[Dataset records]

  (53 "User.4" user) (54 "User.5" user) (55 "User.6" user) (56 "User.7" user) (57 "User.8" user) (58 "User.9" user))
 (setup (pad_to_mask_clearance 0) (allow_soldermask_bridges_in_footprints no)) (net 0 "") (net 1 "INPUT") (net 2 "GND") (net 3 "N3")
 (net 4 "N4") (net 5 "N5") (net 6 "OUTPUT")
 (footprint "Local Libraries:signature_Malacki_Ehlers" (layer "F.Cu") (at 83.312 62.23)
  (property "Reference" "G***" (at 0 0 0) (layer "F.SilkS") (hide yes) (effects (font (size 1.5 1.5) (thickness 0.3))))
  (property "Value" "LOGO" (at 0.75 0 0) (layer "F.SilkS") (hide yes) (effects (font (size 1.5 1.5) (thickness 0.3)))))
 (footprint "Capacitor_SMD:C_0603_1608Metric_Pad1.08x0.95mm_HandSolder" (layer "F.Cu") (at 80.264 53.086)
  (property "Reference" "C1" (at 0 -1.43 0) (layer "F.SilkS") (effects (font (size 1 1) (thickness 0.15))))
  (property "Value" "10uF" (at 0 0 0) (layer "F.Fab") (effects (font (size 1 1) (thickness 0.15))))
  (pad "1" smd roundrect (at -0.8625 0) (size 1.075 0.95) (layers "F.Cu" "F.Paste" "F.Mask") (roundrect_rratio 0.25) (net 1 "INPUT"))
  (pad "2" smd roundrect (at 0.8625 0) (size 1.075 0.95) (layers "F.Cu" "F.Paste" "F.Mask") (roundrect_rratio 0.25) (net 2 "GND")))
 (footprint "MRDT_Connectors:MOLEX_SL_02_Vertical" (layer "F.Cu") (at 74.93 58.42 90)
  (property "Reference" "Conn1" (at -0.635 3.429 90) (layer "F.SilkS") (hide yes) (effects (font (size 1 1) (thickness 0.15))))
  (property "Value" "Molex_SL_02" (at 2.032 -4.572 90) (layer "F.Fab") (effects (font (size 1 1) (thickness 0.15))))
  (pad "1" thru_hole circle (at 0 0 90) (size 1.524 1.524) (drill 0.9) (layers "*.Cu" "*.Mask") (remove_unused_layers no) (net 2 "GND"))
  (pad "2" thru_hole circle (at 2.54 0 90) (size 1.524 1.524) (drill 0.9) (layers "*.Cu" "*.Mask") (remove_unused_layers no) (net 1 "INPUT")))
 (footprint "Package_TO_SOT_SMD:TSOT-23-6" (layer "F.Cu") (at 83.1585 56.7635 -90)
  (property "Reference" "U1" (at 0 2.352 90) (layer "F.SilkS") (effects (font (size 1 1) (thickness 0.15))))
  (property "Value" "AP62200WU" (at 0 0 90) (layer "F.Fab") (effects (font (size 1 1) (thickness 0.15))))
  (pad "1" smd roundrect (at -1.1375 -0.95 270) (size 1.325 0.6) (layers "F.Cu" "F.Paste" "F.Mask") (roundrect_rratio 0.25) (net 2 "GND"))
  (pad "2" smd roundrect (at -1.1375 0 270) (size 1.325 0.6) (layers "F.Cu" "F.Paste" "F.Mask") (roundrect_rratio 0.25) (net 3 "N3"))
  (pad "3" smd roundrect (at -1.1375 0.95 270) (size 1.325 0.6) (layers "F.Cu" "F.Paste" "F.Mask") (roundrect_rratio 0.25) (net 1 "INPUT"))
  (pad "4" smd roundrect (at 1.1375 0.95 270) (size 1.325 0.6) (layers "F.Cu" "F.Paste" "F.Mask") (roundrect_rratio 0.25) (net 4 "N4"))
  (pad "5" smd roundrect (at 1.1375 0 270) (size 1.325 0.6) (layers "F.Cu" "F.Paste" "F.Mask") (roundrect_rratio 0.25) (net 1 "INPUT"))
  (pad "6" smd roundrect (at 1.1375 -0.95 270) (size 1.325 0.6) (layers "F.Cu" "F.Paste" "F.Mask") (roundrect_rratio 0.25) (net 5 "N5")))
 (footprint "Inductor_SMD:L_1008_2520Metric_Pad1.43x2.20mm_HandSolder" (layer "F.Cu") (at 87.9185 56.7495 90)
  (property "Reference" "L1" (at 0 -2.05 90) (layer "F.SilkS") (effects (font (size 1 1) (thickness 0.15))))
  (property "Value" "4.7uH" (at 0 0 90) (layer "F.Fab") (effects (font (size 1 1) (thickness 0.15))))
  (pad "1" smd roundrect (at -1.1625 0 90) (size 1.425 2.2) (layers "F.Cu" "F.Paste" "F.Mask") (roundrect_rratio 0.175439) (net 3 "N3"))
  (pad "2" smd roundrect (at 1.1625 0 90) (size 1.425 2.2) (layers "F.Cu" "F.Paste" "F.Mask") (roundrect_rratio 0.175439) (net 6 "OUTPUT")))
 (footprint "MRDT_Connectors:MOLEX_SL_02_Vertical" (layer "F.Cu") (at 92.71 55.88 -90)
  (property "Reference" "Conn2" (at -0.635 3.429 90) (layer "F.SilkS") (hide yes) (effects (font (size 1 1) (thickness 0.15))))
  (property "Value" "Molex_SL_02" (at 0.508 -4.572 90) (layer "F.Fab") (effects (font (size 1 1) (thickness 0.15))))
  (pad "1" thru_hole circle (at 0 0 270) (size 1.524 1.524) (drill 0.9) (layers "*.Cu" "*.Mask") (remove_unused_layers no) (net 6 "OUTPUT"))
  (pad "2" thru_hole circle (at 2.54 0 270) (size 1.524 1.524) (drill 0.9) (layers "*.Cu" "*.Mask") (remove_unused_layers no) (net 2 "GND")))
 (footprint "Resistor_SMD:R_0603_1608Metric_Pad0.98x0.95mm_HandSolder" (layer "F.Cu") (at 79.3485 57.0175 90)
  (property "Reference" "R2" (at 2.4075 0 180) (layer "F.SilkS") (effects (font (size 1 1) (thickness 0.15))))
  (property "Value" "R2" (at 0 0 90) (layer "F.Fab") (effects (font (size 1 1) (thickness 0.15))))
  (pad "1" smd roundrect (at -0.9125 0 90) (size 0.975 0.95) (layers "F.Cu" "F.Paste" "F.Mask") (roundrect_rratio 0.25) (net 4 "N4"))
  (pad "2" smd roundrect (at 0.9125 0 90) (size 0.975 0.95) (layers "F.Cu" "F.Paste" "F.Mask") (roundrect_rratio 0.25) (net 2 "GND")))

--

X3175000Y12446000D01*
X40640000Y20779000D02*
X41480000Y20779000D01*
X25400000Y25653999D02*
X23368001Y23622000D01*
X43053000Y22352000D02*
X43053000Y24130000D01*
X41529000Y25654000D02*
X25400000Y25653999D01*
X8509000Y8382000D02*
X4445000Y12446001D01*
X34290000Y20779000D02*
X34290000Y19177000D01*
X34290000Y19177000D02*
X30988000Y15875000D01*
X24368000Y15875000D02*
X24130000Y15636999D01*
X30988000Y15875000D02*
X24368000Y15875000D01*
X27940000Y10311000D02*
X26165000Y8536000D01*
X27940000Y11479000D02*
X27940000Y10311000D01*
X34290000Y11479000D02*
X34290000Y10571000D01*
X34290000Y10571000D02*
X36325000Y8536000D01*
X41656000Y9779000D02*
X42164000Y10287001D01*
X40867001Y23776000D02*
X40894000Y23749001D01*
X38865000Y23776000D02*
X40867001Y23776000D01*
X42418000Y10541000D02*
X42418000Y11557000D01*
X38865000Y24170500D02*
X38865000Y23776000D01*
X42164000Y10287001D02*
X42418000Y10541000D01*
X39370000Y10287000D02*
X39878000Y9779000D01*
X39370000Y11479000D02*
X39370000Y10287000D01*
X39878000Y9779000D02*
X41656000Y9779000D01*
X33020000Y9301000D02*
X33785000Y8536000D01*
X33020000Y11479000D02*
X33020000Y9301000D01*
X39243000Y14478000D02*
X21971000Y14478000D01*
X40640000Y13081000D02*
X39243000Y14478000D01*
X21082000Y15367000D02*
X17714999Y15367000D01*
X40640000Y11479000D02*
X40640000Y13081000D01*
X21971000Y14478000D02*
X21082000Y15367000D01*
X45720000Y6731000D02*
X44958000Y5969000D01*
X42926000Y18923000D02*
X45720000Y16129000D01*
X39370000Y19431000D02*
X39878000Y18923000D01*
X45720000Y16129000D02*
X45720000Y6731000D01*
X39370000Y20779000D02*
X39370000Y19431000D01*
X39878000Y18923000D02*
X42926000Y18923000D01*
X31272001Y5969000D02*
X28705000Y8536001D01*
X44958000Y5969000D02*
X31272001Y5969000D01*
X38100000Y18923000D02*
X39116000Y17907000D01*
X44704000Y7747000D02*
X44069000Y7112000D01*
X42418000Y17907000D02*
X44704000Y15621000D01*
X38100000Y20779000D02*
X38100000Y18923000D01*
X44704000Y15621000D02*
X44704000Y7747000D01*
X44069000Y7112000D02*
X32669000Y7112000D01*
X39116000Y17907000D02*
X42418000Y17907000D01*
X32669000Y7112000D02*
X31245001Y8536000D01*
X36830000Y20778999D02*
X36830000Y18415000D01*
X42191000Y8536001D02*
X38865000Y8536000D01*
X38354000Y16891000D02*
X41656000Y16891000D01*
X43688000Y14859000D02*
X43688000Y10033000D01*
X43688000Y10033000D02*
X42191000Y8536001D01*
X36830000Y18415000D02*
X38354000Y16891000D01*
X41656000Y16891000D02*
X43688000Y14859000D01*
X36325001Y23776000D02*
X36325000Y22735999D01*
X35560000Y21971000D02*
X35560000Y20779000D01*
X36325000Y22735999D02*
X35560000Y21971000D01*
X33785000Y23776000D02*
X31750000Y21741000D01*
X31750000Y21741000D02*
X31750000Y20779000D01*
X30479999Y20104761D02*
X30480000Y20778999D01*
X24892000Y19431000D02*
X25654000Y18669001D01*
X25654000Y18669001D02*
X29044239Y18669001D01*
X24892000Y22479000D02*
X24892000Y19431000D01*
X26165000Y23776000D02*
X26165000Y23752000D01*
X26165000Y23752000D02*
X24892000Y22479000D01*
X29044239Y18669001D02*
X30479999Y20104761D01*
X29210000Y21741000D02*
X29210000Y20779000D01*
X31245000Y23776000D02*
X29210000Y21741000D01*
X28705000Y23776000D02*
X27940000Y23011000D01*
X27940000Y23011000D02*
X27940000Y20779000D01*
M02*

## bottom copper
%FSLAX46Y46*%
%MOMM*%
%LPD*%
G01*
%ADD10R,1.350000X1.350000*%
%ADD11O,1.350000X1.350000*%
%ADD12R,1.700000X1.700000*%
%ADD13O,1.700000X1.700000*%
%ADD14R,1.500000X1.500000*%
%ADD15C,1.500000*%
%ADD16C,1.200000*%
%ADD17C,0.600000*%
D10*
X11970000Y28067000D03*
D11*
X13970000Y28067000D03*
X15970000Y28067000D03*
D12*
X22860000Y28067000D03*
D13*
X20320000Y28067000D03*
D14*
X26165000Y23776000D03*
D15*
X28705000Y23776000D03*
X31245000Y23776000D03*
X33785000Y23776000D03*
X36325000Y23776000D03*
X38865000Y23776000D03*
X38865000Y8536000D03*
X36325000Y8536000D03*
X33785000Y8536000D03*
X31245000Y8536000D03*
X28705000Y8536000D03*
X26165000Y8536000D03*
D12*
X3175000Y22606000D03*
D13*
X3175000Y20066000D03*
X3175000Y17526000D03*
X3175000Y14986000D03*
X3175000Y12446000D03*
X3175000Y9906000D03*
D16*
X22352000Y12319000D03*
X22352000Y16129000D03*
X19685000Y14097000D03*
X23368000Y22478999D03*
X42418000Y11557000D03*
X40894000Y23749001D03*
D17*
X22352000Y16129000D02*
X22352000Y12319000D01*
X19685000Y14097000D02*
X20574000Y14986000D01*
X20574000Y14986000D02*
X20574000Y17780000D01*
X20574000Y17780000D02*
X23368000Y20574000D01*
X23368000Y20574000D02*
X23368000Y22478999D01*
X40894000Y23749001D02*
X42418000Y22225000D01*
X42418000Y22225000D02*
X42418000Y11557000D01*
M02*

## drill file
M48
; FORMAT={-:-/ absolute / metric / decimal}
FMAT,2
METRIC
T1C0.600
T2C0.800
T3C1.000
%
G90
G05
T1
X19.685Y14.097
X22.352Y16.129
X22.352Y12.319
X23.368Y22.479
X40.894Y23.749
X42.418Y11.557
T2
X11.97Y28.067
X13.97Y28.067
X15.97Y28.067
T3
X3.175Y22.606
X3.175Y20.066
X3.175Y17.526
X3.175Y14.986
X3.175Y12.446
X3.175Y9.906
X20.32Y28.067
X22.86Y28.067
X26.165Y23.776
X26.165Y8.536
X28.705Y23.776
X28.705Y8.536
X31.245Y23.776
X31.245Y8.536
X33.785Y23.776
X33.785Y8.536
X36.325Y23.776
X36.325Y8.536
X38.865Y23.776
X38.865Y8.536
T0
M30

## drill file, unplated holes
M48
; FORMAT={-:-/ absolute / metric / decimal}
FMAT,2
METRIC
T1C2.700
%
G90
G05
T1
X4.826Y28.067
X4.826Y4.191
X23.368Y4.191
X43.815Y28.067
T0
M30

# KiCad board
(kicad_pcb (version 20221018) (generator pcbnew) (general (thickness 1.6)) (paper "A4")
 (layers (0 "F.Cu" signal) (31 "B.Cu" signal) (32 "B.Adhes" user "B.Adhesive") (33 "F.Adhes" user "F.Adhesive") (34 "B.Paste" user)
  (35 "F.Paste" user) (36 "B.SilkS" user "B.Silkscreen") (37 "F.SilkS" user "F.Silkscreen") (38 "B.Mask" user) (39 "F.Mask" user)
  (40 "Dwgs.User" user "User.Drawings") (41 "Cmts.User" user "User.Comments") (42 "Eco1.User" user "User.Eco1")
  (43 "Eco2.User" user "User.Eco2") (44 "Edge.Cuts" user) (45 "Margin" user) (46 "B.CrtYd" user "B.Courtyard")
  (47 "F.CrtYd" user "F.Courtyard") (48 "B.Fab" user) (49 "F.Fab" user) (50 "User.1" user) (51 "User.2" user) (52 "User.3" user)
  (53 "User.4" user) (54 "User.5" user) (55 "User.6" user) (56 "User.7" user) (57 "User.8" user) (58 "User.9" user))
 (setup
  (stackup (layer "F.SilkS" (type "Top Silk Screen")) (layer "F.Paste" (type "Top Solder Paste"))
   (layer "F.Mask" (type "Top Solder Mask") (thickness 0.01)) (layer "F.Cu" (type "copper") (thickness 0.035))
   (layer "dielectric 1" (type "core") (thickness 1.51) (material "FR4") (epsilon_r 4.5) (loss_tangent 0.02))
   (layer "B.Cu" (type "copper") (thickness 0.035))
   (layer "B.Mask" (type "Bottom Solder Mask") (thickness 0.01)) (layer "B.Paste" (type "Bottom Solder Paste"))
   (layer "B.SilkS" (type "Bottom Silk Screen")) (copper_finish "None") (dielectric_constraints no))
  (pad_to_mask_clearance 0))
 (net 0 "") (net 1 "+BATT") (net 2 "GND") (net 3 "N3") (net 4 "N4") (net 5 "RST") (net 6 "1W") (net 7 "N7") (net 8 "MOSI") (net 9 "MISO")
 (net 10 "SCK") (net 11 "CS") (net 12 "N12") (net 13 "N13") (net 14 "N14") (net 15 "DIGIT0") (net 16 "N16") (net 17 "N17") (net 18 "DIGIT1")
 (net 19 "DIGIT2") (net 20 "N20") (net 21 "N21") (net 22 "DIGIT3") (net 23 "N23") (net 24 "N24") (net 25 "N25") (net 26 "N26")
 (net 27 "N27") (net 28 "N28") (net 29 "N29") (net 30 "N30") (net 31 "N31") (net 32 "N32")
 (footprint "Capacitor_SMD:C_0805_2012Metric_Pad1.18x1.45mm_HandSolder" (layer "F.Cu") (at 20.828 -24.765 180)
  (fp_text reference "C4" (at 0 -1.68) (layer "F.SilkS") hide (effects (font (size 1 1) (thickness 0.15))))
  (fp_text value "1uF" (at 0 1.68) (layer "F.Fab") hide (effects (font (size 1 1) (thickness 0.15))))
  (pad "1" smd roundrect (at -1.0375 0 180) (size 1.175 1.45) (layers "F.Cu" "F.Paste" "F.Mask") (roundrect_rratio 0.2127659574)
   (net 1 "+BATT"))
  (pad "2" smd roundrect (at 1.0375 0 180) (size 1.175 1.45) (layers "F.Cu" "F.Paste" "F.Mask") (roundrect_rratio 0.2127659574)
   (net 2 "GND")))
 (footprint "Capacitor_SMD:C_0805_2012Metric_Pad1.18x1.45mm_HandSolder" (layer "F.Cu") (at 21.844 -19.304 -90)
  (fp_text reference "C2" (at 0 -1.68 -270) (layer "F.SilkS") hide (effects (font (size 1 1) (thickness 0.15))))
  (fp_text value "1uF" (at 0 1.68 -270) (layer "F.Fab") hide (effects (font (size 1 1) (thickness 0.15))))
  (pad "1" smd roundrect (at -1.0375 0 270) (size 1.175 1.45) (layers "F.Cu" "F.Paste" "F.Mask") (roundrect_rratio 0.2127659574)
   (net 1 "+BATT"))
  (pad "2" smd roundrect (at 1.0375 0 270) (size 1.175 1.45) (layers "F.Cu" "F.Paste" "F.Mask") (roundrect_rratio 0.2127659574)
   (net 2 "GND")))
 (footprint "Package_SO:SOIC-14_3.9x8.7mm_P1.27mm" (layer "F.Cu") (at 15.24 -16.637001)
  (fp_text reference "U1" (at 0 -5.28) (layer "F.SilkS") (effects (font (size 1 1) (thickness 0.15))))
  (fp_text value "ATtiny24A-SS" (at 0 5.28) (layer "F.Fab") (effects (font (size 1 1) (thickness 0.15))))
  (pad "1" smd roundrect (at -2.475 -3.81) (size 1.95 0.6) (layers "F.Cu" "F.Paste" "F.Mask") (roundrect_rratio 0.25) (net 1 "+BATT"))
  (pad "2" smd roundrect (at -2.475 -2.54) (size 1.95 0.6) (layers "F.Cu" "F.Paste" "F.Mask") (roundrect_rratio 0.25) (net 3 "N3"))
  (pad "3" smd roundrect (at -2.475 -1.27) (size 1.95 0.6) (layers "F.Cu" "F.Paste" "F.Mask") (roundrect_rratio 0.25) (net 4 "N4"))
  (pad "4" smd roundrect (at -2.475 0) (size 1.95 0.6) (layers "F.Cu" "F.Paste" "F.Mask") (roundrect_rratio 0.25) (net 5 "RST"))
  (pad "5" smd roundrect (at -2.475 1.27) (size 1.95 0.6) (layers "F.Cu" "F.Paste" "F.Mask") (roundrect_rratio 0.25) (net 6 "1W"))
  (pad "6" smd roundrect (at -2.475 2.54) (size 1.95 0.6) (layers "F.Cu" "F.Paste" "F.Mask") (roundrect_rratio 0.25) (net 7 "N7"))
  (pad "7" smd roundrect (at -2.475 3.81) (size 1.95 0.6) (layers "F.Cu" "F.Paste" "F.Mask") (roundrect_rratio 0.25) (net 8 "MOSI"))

» TASK OBJECTIVE: In the entries above, find the line holding "X45720000Y6731000D02*" and the line holding "X44704000Y15621000D02*"; print both of them and every line between, exactly, and nothing else.

» OUTPUT OF THE EXERCISE:
X45720000Y6731000D02*
X44958000Y5969000D01*
X42926000Y18923000D02*
X45720000Y16129000D01*
X39370000Y19431000D02*
X39878000Y18923000D01*
X45720000Y16129000D02*
X45720000Y6731000D01*
X39370000Y20779000D02*
X39370000Y19431000D01*
X39878000Y18923000D02*
X42926000Y18923000D01*
X31272001Y5969000D02*
X28705000Y8536001D01*
X44958000Y5969000D02*
X31272001Y5969000D01*
X38100000Y18923000D02*
X39116000Y17907000D01*
X44704000Y7747000D02*
X44069000Y7112000D01*
X42418000Y17907000D02*
X44704000Y15621000D01*
X38100000Y20779000D02*
X38100000Y18923000D01*
X44704000Y15621000D02*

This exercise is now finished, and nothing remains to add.